TASK: In the records below, the line with "(at -7.62 5.08)" opens the range and the line with "(at -8.455 -5.08)" closes it; print that range exactly and nothing else.

[Stored data]
---

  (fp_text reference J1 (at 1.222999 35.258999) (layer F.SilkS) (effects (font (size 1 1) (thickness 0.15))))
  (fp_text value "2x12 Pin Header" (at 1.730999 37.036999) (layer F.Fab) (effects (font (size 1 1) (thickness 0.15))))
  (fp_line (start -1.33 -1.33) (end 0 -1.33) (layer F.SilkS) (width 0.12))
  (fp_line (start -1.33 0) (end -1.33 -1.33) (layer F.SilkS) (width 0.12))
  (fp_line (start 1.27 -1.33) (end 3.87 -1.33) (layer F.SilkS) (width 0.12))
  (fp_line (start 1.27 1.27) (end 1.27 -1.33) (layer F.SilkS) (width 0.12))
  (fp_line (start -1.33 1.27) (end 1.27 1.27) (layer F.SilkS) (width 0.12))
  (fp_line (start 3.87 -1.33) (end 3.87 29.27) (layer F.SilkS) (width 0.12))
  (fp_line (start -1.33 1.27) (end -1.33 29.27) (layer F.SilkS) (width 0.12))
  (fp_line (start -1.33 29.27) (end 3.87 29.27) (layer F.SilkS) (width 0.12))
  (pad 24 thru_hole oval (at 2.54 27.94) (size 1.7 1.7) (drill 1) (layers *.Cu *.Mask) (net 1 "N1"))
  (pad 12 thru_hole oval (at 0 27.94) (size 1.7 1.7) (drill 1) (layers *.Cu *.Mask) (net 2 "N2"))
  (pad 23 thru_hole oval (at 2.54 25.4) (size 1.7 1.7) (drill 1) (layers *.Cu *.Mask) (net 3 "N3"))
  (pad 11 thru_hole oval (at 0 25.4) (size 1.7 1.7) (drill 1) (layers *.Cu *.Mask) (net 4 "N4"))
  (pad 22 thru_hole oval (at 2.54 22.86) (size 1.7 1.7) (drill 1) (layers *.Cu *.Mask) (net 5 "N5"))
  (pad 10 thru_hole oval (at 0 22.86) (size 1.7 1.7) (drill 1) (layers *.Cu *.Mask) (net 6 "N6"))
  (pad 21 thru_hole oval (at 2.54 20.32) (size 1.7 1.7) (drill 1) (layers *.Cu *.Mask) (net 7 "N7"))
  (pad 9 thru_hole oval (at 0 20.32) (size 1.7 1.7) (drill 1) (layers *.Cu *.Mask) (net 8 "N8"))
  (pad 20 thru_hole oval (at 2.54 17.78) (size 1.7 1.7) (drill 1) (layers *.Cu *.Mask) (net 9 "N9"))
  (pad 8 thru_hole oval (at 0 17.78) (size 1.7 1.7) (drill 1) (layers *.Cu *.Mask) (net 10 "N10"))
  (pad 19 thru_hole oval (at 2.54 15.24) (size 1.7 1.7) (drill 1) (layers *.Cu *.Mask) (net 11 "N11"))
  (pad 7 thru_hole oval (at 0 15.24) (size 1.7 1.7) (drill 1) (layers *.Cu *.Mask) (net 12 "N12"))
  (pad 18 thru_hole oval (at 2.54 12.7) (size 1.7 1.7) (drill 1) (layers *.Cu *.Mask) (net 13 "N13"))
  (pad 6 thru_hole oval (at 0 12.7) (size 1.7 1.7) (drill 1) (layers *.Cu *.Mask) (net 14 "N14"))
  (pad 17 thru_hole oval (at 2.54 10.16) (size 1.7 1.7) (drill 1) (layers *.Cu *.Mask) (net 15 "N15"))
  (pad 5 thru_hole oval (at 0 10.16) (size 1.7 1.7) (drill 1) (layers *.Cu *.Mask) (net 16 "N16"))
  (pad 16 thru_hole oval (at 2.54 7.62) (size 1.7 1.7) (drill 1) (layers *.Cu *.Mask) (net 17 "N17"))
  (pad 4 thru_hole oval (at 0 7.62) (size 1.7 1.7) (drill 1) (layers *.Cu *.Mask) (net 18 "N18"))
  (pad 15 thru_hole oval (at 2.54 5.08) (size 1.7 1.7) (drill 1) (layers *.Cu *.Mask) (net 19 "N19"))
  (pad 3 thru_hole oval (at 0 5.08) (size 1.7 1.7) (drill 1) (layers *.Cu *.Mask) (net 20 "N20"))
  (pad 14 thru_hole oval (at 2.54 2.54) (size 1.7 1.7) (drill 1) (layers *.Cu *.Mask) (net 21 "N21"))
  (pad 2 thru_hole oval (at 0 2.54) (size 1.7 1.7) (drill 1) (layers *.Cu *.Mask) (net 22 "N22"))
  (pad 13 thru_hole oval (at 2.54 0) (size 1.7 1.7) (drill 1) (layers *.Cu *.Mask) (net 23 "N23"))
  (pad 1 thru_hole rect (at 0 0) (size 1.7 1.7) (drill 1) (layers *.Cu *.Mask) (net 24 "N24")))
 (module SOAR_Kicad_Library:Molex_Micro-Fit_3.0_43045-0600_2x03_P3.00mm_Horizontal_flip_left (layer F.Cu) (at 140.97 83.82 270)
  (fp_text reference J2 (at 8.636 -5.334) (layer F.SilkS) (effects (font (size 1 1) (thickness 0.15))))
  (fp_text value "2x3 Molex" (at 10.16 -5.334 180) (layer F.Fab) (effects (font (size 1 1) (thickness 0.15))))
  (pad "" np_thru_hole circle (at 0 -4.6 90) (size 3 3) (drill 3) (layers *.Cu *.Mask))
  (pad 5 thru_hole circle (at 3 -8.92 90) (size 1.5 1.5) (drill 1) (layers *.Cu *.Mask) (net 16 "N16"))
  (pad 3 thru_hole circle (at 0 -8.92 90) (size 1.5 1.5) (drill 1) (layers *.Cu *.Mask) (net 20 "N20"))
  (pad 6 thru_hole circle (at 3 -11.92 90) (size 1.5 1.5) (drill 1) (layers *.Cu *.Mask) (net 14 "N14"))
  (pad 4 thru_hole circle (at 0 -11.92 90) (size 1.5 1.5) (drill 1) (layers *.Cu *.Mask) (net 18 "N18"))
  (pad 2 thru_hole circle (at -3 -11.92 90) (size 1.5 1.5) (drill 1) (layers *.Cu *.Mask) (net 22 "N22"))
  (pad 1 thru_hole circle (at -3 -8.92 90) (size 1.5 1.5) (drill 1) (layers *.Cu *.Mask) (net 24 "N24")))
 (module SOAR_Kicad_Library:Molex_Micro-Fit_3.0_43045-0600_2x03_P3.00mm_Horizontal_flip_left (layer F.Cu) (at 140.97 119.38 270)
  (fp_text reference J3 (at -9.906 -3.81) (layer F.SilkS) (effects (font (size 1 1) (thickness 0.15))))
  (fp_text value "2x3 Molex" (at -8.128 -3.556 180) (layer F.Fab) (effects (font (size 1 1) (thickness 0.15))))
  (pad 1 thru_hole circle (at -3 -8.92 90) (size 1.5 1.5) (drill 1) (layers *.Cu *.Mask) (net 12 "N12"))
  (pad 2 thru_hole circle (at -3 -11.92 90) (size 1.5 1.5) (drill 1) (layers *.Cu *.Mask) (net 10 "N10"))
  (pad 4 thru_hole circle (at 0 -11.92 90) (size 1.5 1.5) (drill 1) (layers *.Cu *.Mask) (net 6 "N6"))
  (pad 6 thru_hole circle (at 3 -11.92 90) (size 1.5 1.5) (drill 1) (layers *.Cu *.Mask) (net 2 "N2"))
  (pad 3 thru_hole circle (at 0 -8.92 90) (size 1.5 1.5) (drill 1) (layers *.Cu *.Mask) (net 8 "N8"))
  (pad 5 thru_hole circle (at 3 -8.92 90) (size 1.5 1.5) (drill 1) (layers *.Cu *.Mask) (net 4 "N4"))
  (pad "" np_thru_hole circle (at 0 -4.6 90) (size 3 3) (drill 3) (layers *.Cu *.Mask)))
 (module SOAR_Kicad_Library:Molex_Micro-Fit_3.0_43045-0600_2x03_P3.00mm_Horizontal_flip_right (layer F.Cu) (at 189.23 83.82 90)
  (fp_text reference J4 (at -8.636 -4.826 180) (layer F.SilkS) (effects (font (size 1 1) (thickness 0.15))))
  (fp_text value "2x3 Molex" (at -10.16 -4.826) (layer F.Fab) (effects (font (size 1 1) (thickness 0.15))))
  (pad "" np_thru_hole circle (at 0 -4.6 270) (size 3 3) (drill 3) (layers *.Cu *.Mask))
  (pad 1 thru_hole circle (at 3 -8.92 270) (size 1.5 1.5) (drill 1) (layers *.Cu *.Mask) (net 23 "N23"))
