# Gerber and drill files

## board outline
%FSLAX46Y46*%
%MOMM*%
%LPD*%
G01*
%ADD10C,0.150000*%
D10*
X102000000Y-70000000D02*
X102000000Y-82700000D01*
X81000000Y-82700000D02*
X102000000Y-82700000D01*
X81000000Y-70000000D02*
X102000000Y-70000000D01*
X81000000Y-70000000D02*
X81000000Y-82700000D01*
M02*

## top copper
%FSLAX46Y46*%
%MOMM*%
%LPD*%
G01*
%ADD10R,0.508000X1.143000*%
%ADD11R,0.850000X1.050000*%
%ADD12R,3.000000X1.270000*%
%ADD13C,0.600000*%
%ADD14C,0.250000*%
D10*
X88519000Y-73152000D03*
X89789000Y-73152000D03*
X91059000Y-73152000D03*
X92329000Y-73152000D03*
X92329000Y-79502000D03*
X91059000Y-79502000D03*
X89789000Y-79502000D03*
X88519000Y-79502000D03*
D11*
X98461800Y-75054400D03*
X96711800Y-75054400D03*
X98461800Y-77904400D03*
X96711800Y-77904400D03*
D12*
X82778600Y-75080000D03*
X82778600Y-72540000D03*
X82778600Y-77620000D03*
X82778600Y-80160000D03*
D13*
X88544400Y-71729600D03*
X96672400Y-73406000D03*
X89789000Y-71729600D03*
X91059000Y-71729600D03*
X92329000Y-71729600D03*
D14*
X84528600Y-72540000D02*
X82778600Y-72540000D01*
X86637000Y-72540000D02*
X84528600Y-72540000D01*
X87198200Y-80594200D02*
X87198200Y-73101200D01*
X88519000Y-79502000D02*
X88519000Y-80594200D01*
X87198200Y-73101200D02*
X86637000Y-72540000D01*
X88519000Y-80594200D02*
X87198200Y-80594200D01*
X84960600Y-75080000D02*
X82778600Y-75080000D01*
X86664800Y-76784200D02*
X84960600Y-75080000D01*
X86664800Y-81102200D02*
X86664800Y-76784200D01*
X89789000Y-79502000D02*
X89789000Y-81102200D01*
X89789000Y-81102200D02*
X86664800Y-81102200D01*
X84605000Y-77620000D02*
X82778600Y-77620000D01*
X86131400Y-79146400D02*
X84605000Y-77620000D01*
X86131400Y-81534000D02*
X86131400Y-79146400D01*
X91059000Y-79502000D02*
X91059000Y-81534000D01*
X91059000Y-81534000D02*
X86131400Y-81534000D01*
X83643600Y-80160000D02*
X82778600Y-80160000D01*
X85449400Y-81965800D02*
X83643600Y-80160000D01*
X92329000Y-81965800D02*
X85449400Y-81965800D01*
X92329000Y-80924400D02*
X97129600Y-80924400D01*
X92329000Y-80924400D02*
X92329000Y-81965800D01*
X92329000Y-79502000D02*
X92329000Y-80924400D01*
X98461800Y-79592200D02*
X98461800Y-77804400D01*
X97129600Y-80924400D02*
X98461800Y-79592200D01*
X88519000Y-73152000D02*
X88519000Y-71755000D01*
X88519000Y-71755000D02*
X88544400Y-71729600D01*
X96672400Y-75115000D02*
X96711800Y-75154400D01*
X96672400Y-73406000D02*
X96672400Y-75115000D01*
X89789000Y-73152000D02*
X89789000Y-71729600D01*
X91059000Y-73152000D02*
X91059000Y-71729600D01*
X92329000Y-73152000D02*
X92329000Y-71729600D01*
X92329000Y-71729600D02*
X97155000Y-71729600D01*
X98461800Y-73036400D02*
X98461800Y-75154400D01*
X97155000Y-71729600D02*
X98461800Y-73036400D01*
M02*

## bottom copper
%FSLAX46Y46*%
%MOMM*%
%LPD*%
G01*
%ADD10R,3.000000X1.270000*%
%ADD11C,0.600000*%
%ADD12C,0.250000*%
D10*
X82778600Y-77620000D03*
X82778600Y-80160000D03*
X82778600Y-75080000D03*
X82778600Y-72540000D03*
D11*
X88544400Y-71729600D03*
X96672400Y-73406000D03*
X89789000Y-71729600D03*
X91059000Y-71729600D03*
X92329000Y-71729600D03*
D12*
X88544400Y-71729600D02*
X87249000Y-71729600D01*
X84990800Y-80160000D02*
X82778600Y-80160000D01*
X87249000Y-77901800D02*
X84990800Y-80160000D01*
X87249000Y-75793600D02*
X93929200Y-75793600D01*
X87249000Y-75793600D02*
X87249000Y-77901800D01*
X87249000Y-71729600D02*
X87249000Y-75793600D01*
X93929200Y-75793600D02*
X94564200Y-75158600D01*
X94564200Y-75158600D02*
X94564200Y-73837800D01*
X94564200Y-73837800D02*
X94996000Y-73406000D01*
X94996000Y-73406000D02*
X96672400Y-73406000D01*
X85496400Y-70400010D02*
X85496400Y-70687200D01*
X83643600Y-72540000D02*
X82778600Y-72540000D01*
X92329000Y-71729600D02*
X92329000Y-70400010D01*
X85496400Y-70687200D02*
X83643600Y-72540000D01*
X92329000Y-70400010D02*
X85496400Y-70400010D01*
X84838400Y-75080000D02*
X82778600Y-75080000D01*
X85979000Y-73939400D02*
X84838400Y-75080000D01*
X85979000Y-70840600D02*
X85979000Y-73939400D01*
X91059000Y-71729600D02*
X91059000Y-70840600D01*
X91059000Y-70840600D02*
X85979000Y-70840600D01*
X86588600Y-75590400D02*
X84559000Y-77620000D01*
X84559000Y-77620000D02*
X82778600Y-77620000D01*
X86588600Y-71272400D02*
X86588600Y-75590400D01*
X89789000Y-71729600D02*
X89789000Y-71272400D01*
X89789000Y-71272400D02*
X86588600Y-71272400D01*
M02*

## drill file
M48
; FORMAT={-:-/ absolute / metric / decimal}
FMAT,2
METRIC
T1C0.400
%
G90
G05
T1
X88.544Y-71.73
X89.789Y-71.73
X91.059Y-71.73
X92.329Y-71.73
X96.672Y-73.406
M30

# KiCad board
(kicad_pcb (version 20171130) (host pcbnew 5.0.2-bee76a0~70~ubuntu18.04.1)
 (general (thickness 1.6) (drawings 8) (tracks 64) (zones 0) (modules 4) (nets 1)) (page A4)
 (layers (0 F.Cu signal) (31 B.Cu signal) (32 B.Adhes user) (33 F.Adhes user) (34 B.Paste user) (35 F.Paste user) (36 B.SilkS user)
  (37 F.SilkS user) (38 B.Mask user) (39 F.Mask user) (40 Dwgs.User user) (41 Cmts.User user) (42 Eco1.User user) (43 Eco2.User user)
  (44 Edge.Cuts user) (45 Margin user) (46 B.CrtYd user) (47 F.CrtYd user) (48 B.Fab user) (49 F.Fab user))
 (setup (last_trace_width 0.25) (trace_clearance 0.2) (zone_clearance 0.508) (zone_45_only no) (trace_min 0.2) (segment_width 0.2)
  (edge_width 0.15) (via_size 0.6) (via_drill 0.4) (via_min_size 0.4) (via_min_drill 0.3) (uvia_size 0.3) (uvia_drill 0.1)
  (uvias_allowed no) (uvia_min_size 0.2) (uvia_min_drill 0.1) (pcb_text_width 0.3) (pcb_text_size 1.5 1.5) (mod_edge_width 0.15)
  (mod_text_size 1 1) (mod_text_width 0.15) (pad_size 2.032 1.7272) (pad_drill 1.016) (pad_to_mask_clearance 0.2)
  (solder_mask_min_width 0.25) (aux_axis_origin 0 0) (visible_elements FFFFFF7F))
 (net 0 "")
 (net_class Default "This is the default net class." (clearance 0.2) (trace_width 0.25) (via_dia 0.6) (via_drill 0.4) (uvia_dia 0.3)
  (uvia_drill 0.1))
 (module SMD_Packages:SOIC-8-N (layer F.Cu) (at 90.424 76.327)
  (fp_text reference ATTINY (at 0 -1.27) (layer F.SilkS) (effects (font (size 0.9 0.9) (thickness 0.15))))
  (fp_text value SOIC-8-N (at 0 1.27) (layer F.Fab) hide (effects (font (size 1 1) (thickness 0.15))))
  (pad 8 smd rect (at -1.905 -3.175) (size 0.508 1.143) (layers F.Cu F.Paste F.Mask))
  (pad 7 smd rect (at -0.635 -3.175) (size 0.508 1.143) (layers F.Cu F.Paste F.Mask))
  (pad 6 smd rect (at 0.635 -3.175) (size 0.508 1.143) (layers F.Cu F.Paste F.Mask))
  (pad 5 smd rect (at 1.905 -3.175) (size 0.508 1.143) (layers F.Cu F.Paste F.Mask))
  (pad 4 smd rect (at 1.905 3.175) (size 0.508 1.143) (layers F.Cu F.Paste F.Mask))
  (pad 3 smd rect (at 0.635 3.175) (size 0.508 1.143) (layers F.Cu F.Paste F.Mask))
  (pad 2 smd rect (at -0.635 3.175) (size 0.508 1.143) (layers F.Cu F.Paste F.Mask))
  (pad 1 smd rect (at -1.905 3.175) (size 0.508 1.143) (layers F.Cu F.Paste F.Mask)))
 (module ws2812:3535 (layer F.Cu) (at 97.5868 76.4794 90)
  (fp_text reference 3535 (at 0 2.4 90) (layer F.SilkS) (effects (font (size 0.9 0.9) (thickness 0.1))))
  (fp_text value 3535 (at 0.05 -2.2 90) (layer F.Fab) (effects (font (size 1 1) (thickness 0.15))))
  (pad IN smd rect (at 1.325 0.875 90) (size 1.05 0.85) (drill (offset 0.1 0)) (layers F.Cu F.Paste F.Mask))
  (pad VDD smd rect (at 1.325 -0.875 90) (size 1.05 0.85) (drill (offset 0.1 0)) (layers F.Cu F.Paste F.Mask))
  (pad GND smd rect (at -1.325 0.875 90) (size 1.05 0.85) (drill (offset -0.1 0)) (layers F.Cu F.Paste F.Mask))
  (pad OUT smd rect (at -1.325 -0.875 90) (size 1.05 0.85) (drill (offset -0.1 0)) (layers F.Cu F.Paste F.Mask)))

---

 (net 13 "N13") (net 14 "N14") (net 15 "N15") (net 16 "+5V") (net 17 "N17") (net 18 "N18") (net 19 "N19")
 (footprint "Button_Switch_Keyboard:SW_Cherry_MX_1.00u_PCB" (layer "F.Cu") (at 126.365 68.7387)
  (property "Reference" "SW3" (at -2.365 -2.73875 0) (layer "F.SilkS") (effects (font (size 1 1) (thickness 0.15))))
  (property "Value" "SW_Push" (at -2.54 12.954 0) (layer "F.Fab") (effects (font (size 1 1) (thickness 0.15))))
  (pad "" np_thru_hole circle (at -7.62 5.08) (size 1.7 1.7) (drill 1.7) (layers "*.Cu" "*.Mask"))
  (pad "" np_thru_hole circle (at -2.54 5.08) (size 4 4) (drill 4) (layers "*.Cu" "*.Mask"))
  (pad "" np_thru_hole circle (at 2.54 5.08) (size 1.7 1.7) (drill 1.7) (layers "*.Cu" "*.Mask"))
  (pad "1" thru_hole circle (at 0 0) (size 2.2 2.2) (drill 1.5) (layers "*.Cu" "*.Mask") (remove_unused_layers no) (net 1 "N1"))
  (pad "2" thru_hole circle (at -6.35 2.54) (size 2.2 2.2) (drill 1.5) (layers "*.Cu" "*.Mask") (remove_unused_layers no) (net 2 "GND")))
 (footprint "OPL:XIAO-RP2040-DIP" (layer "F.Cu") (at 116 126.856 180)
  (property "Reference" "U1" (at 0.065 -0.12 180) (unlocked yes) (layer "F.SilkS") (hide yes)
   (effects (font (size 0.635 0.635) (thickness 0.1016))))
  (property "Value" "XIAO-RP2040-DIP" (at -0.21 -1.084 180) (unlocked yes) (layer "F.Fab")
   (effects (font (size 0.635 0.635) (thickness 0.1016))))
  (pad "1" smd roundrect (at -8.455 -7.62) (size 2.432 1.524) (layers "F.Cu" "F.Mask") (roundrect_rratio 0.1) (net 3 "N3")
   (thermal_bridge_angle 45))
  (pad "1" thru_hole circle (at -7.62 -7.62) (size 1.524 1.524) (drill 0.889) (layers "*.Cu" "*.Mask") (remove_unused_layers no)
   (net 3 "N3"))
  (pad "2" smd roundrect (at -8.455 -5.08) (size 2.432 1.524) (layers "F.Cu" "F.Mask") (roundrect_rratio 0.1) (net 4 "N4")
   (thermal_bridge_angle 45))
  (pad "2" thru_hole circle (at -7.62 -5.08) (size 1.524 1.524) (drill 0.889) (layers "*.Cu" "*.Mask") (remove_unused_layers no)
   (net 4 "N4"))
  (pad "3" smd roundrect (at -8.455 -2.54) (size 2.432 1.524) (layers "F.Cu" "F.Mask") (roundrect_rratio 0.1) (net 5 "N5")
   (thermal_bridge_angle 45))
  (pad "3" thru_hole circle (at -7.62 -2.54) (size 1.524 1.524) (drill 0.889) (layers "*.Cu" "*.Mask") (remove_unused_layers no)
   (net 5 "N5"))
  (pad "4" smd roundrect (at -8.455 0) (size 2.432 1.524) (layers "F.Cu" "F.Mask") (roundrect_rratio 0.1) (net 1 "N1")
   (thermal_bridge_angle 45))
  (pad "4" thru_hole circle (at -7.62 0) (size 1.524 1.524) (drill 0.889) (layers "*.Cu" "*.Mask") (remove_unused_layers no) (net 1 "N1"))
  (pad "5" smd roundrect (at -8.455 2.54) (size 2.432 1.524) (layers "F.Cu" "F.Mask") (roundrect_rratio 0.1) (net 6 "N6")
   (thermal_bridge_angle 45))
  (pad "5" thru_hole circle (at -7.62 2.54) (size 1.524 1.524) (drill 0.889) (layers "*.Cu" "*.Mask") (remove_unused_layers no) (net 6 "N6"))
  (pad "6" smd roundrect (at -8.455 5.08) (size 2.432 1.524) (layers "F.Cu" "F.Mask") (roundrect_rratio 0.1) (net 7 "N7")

---

TASK ANSWER:
  (pad "" np_thru_hole circle (at -7.62 5.08) (size 1.7 1.7) (drill 1.7) (layers "*.Cu" "*.Mask"))
  (pad "" np_thru_hole circle (at -2.54 5.08) (size 4 4) (drill 4) (layers "*.Cu" "*.Mask"))
  (pad "" np_thru_hole circle (at 2.54 5.08) (size 1.7 1.7) (drill 1.7) (layers "*.Cu" "*.Mask"))
  (pad "1" thru_hole circle (at 0 0) (size 2.2 2.2) (drill 1.5) (layers "*.Cu" "*.Mask") (remove_unused_layers no) (net 1 "N1"))
  (pad "2" thru_hole circle (at -6.35 2.54) (size 2.2 2.2) (drill 1.5) (layers "*.Cu" "*.Mask") (remove_unused_layers no) (net 2 "GND")))
 (footprint "OPL:XIAO-RP2040-DIP" (layer "F.Cu") (at 116 126.856 180)
  (property "Reference" "U1" (at 0.065 -0.12 180) (unlocked yes) (layer "F.SilkS") (hide yes)
   (effects (font (size 0.635 0.635) (thickness 0.1016))))
  (property "Value" "XIAO-RP2040-DIP" (at -0.21 -1.084 180) (unlocked yes) (layer "F.Fab")
   (effects (font (size 0.635 0.635) (thickness 0.1016))))
  (pad "1" smd roundrect (at -8.455 -7.62) (size 2.432 1.524) (layers "F.Cu" "F.Mask") (roundrect_rratio 0.1) (net 3 "N3")
   (thermal_bridge_angle 45))
  (pad "1" thru_hole circle (at -7.62 -7.62) (size 1.524 1.524) (drill 0.889) (layers "*.Cu" "*.Mask") (remove_unused_layers no)
   (net 3 "N3"))
  (pad "2" smd roundrect (at -8.455 -5.08) (size 2.432 1.524) (layers "F.Cu" "F.Mask") (roundrect_rratio 0.1) (net 4 "N4")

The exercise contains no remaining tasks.